What the task asks: Some lines in the records below may hold the word "user"; give the number of those lines and nothing else.

Dataset entries:
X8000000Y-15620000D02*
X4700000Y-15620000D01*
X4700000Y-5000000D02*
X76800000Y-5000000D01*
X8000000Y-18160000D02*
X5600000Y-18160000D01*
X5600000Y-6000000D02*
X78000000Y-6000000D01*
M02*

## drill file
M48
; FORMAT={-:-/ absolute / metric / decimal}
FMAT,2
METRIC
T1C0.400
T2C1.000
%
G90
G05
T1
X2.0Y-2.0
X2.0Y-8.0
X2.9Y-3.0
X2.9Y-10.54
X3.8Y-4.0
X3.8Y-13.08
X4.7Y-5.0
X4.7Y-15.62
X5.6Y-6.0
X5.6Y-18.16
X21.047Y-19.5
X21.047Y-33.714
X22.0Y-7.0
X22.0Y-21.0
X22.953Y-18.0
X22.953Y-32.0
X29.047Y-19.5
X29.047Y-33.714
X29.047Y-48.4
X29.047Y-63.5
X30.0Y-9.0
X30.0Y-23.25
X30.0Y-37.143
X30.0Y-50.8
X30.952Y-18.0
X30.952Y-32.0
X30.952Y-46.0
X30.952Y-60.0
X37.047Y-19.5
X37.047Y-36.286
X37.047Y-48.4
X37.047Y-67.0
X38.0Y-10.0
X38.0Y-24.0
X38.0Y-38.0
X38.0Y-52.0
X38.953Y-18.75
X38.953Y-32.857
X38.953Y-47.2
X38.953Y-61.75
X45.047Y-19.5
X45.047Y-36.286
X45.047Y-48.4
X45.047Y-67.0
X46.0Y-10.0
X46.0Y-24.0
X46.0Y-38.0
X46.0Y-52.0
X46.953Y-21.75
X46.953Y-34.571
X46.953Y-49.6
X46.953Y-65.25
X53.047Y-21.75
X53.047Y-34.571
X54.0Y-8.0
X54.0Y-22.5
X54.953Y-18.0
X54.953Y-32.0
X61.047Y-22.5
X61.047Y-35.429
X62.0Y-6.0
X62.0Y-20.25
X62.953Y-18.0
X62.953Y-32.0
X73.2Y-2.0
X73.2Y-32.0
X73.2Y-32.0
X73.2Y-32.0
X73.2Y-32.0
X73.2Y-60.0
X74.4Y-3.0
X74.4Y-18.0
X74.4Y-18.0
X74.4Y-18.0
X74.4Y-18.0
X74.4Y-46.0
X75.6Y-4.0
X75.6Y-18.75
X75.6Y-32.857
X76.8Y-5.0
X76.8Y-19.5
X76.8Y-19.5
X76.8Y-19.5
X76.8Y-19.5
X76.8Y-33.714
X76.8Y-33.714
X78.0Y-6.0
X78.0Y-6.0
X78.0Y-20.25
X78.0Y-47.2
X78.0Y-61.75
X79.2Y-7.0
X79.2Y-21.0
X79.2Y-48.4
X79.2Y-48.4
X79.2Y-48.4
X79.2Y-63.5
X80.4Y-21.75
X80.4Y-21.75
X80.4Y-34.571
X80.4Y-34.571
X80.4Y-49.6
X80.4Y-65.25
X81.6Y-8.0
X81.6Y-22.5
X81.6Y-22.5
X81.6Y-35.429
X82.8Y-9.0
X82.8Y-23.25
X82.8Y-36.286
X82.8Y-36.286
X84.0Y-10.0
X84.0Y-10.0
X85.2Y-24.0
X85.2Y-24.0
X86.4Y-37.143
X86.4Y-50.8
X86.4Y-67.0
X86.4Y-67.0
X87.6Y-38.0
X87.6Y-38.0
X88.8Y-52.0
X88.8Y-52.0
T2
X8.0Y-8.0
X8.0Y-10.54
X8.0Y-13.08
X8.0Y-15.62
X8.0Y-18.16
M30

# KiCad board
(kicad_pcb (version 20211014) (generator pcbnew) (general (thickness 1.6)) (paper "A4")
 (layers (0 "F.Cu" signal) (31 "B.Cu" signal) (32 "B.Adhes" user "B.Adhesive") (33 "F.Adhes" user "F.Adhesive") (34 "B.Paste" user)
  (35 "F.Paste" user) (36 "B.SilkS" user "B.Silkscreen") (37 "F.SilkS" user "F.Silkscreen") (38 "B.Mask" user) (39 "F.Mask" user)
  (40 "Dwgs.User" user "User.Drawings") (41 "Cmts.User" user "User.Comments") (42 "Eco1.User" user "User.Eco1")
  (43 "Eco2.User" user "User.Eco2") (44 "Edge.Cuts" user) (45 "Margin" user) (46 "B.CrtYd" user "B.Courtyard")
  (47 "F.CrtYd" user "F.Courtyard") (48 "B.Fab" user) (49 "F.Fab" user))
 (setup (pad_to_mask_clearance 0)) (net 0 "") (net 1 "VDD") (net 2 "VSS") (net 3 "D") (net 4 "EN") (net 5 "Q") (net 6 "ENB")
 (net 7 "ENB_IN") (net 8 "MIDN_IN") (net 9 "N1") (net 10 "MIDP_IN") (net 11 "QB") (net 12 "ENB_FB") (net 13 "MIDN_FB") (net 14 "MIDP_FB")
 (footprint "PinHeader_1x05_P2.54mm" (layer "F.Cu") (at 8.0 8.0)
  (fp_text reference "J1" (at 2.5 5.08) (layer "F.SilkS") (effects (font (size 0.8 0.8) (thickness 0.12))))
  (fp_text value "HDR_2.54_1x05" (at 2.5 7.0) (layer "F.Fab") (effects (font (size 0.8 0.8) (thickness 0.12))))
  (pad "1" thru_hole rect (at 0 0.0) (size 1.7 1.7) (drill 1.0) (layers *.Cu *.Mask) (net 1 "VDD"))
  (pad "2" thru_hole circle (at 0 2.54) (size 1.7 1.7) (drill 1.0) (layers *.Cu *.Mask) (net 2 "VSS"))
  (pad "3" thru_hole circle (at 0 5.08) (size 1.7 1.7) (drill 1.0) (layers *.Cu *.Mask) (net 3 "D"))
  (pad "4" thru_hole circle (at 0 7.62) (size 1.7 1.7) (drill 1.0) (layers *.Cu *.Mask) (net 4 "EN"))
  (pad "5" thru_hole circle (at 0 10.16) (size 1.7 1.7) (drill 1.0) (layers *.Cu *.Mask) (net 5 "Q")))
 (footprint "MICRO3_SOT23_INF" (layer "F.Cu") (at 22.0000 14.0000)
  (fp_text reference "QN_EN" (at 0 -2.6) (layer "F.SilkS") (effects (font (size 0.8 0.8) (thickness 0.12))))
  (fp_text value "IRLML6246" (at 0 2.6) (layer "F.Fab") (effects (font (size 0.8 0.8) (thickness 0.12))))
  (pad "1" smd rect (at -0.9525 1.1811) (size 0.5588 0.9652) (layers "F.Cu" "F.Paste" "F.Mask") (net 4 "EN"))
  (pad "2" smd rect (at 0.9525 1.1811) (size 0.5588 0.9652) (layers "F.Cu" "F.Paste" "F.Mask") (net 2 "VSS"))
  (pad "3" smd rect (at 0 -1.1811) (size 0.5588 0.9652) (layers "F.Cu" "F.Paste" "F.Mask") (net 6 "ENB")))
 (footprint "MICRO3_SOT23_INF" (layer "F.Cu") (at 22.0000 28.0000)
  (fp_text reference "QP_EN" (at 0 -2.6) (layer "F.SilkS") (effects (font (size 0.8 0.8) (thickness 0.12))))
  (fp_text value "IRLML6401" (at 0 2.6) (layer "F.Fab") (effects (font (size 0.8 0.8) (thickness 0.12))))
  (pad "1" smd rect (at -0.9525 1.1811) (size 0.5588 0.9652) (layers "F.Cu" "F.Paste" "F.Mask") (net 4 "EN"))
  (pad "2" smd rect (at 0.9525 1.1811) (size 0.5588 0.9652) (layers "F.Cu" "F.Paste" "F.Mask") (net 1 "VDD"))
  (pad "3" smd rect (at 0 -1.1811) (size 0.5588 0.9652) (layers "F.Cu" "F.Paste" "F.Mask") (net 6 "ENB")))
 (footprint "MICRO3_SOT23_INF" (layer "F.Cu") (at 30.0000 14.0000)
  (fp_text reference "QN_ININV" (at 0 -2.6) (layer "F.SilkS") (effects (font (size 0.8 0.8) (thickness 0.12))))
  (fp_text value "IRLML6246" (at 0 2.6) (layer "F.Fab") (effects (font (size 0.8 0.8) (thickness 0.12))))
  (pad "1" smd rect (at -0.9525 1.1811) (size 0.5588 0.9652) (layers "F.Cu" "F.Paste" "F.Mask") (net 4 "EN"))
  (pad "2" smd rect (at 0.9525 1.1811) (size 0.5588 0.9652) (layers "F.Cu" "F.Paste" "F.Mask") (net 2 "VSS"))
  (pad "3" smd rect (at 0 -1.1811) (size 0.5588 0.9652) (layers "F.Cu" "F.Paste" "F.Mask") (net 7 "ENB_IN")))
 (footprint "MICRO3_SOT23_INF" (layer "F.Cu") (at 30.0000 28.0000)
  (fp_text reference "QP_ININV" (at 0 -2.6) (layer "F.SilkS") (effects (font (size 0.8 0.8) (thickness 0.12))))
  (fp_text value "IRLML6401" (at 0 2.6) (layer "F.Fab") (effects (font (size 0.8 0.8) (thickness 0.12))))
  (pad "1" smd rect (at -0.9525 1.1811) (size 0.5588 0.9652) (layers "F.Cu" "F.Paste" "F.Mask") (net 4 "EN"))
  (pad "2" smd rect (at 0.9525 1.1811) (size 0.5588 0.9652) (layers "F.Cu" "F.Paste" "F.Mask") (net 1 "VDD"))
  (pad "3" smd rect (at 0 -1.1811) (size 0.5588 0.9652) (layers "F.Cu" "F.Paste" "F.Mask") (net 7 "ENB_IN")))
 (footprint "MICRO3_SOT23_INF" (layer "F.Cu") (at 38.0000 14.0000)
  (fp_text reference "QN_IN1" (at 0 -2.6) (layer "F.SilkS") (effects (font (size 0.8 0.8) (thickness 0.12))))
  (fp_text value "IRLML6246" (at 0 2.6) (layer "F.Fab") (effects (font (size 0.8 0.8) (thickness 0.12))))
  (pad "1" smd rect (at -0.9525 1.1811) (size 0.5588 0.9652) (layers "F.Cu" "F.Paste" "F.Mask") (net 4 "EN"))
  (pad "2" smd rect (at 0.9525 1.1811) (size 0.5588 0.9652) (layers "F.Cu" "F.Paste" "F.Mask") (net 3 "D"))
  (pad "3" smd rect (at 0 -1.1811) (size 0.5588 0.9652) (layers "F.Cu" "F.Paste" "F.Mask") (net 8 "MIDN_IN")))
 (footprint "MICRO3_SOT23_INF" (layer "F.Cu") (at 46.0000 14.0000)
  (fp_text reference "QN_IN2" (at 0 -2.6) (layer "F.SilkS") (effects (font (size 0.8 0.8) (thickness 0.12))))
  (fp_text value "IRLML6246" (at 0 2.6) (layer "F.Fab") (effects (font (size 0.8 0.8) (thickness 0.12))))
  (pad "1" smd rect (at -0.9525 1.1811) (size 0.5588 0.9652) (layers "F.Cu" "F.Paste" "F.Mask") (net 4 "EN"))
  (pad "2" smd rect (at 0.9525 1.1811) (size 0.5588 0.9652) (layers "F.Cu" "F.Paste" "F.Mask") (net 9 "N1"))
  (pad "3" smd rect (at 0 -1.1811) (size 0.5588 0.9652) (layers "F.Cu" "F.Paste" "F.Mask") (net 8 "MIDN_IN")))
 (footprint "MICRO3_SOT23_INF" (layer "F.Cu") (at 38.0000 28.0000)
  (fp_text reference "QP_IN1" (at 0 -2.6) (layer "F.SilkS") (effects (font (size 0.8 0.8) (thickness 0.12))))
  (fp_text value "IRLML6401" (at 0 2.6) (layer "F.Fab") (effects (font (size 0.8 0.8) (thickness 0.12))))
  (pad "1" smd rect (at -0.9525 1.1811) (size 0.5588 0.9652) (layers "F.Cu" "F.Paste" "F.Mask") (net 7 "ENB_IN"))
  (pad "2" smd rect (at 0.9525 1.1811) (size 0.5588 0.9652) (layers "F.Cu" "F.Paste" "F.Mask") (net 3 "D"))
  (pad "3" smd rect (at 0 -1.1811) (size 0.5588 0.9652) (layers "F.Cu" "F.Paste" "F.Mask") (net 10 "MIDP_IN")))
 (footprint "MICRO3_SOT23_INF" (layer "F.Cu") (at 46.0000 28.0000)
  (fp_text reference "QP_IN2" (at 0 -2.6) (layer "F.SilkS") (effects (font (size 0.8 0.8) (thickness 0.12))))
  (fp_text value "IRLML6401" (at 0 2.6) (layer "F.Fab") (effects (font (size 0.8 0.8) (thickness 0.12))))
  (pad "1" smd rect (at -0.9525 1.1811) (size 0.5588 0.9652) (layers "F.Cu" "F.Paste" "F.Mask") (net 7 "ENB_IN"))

Response area: 5